Exercise prompt
Below are entries; output exactly the lines from the one with "X138364000Y-107950000D02*" to the one with "X133985000Y-99949000D01*", both included, and nothing else.

--

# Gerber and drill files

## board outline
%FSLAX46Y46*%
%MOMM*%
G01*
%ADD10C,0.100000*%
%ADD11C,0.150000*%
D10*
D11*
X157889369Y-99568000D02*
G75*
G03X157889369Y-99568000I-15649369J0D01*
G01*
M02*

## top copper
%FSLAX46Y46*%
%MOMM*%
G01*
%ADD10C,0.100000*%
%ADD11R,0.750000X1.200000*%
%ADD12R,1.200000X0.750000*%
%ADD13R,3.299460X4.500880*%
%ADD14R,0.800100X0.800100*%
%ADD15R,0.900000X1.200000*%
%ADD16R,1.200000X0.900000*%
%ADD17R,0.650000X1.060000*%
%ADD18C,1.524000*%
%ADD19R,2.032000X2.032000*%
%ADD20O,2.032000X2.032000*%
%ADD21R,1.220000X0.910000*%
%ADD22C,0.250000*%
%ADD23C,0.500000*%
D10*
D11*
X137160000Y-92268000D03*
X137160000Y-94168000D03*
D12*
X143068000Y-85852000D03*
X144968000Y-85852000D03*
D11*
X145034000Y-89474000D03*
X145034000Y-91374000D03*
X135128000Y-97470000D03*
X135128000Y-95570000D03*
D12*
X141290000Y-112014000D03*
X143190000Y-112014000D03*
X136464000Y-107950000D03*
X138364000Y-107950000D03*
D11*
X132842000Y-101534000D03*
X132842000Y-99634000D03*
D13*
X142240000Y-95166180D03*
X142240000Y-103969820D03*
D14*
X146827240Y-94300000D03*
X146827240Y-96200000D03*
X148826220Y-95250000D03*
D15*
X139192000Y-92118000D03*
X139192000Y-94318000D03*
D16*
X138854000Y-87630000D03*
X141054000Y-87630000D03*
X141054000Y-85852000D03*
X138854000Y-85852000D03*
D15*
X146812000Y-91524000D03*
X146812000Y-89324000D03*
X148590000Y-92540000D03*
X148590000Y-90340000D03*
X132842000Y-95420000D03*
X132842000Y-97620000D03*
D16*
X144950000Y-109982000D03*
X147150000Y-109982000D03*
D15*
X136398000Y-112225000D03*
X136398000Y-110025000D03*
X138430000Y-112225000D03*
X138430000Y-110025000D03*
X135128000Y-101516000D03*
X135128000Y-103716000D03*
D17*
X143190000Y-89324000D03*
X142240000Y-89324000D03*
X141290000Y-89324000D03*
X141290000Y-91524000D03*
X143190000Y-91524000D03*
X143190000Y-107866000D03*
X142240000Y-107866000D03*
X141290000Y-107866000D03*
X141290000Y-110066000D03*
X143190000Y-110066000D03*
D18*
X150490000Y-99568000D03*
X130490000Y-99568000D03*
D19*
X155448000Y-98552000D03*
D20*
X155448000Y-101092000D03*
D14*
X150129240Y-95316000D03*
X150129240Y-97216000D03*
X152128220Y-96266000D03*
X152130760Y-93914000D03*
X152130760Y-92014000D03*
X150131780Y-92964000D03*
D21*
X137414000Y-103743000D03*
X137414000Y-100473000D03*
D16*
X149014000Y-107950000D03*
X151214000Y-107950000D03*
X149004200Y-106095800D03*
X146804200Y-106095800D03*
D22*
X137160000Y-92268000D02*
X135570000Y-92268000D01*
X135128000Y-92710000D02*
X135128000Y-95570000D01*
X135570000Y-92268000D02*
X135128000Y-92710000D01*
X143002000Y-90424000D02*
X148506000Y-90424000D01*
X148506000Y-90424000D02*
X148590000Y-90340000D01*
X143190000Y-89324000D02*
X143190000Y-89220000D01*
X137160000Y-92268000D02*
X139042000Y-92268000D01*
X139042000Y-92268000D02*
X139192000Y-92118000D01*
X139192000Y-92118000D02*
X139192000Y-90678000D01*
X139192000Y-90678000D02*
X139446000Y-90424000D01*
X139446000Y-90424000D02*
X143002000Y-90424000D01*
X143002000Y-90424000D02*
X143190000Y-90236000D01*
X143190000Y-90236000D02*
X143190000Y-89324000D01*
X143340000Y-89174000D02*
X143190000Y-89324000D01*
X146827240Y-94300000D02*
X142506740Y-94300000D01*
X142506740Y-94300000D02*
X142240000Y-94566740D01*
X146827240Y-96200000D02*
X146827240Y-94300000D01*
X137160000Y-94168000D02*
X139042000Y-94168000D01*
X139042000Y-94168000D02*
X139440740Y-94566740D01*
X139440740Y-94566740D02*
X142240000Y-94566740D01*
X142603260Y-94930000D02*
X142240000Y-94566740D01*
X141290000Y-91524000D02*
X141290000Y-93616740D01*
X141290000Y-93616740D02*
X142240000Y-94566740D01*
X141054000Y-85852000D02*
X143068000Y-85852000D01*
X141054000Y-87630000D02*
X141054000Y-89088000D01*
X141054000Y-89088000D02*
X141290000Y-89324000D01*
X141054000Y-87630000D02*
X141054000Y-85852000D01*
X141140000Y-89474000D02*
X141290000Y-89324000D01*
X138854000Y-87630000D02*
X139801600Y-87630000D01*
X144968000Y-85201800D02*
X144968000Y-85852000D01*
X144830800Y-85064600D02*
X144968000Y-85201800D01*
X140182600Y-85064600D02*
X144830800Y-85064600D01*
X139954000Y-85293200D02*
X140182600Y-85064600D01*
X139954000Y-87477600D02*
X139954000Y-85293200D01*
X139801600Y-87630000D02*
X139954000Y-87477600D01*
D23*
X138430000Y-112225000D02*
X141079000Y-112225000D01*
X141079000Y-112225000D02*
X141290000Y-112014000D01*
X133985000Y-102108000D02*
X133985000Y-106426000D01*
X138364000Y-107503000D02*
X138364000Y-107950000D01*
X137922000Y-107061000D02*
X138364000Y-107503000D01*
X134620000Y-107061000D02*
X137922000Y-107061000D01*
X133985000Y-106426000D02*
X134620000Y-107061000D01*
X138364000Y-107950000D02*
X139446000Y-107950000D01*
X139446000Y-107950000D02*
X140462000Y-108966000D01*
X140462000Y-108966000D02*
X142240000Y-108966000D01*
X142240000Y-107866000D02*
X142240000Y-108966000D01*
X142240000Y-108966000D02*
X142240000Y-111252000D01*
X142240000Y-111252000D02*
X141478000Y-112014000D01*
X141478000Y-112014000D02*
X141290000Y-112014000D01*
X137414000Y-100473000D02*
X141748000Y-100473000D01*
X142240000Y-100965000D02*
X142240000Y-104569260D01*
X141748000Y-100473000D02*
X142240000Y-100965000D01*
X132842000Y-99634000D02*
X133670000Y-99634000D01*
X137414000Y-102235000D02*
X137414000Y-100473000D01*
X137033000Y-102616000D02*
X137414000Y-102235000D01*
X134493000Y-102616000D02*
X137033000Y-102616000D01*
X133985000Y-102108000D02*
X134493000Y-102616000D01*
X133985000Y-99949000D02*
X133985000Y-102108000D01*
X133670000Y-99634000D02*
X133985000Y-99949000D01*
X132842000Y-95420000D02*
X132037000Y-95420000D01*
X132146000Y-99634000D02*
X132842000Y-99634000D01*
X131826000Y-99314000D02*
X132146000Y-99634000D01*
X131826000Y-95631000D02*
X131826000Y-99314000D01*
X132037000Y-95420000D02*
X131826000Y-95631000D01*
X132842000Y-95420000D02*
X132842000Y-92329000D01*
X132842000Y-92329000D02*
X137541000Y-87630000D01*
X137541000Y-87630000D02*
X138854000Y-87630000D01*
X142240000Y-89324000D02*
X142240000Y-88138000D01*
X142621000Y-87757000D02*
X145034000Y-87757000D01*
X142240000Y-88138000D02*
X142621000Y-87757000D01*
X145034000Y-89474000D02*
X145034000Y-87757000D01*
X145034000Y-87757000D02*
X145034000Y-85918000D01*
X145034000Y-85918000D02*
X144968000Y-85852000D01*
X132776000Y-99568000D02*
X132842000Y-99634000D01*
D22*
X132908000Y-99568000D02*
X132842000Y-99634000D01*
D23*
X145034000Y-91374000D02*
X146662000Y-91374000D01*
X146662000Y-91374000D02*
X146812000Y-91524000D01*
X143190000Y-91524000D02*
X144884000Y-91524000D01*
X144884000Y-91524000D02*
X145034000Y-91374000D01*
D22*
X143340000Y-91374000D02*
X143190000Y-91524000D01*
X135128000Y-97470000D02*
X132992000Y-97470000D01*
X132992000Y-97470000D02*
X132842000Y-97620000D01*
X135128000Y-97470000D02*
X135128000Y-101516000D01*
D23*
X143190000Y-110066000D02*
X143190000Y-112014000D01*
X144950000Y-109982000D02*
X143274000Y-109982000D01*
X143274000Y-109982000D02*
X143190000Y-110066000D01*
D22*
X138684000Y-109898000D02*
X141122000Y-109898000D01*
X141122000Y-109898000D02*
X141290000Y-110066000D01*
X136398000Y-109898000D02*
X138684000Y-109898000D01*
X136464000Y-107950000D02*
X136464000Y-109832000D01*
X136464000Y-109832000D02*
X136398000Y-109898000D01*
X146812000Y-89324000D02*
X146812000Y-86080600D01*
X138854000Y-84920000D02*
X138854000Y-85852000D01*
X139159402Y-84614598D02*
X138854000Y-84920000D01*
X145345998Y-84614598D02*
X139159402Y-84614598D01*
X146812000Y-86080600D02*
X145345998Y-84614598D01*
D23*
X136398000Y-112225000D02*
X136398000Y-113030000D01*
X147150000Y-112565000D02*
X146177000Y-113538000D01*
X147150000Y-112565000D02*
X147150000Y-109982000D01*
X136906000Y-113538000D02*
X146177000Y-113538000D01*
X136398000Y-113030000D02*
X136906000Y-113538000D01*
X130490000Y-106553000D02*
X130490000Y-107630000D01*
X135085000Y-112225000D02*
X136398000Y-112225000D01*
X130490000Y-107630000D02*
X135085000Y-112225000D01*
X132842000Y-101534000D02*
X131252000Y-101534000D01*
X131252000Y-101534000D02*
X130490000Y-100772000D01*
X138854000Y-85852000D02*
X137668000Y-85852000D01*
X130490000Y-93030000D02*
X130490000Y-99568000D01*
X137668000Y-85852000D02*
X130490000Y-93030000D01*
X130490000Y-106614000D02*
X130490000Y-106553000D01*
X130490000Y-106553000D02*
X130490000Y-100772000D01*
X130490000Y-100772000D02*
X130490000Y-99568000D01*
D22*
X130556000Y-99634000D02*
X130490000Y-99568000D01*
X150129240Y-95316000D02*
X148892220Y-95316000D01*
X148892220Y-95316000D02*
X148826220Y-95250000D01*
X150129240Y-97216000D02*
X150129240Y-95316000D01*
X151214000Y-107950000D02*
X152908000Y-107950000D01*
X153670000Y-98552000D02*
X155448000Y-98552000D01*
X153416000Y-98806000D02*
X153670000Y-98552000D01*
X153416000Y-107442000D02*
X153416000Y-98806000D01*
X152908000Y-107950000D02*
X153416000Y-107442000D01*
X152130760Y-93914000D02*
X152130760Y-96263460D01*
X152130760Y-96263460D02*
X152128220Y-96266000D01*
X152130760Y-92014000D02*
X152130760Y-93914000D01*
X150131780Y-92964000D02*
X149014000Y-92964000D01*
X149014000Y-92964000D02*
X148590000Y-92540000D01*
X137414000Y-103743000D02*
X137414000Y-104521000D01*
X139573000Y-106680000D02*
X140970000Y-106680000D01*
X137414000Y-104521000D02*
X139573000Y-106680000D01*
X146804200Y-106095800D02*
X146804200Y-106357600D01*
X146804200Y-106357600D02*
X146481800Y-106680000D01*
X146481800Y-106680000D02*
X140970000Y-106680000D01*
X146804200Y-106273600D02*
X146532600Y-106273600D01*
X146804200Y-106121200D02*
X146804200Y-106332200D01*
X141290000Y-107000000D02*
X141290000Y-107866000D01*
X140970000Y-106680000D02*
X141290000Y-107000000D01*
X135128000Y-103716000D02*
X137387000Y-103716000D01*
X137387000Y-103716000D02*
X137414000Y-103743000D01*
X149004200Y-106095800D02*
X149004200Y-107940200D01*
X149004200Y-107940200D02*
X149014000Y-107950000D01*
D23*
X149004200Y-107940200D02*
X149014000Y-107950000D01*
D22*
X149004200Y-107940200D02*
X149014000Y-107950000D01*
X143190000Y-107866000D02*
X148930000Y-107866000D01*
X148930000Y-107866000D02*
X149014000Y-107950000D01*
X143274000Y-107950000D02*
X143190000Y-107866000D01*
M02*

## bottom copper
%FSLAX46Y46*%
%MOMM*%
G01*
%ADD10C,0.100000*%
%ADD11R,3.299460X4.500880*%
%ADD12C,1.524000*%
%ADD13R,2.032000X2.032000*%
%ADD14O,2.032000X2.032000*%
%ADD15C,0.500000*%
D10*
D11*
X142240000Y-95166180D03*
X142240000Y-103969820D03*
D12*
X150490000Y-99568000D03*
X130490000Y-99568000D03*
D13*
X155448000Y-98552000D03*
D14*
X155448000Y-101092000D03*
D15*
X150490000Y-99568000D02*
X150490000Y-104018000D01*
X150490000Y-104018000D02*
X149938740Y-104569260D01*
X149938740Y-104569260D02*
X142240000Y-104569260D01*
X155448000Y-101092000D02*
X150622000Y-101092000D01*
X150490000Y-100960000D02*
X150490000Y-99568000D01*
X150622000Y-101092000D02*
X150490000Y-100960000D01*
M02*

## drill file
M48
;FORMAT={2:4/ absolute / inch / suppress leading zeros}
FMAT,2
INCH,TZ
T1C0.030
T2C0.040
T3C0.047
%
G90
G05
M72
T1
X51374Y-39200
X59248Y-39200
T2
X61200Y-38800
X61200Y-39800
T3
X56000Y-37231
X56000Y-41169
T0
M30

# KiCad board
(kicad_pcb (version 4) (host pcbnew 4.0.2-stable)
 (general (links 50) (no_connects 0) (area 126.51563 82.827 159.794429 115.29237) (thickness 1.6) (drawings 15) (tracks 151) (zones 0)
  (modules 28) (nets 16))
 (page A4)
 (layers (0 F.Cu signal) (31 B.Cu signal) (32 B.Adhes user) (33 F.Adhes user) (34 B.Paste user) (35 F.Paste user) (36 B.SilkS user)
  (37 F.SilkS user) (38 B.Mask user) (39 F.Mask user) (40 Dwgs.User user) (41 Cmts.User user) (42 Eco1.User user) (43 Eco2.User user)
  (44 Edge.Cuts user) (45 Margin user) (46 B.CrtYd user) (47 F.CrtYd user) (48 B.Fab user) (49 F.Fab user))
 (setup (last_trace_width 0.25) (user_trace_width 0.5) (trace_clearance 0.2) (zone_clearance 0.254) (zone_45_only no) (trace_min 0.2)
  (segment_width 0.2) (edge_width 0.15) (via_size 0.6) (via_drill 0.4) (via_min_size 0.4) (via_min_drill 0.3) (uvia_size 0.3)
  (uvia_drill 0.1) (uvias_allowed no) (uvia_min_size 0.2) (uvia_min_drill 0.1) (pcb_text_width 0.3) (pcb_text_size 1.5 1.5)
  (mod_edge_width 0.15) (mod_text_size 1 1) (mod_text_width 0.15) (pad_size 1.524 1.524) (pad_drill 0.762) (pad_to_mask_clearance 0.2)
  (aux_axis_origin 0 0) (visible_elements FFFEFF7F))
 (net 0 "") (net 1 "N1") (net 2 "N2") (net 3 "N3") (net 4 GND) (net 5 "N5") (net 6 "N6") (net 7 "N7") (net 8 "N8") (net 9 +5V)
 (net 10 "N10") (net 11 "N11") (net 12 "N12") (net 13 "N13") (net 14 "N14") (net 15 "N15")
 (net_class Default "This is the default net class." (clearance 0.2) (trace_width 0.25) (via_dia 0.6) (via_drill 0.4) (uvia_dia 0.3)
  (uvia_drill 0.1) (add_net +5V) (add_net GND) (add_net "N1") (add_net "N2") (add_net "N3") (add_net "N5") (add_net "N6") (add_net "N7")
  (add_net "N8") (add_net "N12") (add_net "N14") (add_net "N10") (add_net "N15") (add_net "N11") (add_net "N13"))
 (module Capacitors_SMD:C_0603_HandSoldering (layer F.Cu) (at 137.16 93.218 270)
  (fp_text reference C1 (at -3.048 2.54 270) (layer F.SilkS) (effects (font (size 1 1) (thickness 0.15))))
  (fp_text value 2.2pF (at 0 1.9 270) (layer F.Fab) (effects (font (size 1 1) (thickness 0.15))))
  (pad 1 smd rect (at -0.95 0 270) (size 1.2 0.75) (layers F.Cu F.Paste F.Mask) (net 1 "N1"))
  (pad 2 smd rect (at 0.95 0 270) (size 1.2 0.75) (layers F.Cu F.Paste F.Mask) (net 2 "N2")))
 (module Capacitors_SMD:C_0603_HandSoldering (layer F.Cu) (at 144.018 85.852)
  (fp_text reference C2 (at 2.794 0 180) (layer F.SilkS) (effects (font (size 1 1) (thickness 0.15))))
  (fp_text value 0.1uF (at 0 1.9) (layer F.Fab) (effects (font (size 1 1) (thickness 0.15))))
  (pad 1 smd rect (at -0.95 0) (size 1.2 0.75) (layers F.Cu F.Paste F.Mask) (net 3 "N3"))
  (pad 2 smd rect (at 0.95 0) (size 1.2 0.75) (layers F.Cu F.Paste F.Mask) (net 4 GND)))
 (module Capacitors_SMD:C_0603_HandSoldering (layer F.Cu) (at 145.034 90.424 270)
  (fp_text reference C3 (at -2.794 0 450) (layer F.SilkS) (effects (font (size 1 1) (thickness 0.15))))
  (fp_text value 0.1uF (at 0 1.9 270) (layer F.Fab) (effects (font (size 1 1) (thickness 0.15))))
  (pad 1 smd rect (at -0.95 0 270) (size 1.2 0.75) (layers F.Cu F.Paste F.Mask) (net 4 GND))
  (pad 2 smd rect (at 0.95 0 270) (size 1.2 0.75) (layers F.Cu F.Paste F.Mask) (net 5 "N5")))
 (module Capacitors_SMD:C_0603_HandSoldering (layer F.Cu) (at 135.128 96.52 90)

--

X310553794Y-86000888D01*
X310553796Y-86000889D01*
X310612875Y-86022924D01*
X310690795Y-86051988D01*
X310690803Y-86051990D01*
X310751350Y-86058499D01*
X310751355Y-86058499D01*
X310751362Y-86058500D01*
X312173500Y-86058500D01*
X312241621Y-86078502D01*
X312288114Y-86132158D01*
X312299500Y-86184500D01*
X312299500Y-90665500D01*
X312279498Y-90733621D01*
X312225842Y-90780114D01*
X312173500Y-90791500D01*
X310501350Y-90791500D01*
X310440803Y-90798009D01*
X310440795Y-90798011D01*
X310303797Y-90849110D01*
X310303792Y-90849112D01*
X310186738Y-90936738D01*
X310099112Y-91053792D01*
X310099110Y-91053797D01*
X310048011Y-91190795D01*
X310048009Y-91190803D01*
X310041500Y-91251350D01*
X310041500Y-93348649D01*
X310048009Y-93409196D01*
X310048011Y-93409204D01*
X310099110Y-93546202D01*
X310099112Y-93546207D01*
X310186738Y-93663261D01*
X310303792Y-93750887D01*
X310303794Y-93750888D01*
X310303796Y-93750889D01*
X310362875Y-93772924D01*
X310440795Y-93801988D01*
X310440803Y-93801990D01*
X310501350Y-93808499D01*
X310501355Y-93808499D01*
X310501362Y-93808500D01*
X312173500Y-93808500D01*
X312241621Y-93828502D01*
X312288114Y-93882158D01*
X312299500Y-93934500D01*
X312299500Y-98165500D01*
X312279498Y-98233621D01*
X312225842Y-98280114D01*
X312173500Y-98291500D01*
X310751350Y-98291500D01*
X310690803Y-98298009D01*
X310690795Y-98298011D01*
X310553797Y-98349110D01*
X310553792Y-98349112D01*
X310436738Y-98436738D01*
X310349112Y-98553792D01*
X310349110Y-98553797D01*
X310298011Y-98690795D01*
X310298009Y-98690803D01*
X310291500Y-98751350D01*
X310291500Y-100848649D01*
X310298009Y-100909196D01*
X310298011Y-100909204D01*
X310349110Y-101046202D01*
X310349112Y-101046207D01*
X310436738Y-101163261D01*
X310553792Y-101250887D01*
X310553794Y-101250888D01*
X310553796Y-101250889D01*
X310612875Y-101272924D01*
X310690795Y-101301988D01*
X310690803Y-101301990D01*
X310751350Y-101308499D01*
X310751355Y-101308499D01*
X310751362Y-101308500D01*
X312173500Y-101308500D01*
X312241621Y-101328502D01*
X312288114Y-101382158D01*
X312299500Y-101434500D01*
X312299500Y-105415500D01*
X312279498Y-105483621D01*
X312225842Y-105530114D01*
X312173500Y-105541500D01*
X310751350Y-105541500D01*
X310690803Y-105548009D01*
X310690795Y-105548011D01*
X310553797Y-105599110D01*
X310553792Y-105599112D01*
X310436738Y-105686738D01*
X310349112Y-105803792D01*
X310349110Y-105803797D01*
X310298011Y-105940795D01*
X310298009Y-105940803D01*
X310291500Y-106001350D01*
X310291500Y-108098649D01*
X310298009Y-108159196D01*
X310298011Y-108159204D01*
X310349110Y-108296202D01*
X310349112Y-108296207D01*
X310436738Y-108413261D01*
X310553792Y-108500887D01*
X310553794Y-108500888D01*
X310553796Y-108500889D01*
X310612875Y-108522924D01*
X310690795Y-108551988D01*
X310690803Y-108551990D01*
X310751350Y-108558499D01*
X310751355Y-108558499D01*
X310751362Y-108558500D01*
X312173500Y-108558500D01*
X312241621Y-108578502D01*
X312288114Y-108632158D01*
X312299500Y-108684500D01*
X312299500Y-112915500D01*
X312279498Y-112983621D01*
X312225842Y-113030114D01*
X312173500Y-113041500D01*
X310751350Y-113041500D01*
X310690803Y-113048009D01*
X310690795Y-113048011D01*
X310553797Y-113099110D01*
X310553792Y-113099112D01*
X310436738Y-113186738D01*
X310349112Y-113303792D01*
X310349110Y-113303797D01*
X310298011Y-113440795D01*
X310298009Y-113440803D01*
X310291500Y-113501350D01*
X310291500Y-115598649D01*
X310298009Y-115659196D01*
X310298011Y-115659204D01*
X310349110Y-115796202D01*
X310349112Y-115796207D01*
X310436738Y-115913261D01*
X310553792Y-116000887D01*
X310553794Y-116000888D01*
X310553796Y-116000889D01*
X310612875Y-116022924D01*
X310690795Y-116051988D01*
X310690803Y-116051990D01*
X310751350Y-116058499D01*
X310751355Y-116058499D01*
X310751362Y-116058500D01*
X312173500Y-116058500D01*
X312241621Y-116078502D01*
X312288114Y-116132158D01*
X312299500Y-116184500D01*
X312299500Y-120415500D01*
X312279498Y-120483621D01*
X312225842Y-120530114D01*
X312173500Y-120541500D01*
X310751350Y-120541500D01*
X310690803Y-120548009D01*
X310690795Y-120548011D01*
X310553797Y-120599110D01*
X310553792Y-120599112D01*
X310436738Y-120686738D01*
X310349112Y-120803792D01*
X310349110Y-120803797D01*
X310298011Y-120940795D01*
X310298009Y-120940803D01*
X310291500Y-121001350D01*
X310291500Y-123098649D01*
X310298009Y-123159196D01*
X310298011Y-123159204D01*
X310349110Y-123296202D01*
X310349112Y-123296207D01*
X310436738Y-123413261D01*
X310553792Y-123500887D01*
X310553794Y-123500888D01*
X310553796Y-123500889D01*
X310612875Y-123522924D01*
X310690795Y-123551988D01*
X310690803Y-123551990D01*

--

Exercise response
X138364000Y-107950000D02*
X139446000Y-107950000D01*
X139446000Y-107950000D02*
X140462000Y-108966000D01*
X140462000Y-108966000D02*
X142240000Y-108966000D01*
X142240000Y-107866000D02*
X142240000Y-108966000D01*
X142240000Y-108966000D02*
X142240000Y-111252000D01*
X142240000Y-111252000D02*
X141478000Y-112014000D01*
X141478000Y-112014000D02*
X141290000Y-112014000D01*
X137414000Y-100473000D02*
X141748000Y-100473000D01*
X142240000Y-100965000D02*
X142240000Y-104569260D01*
X141748000Y-100473000D02*
X142240000Y-100965000D01*
X132842000Y-99634000D02*
X133670000Y-99634000D01*
X137414000Y-102235000D02*
X137414000Y-100473000D01*
X137033000Y-102616000D02*
X137414000Y-102235000D01*
X134493000Y-102616000D02*
X137033000Y-102616000D01*
X133985000Y-102108000D02*
X134493000Y-102616000D01*
X133985000Y-99949000D02*
X133985000Y-102108000D01*
X133670000Y-99634000D02*
X133985000Y-99949000D01*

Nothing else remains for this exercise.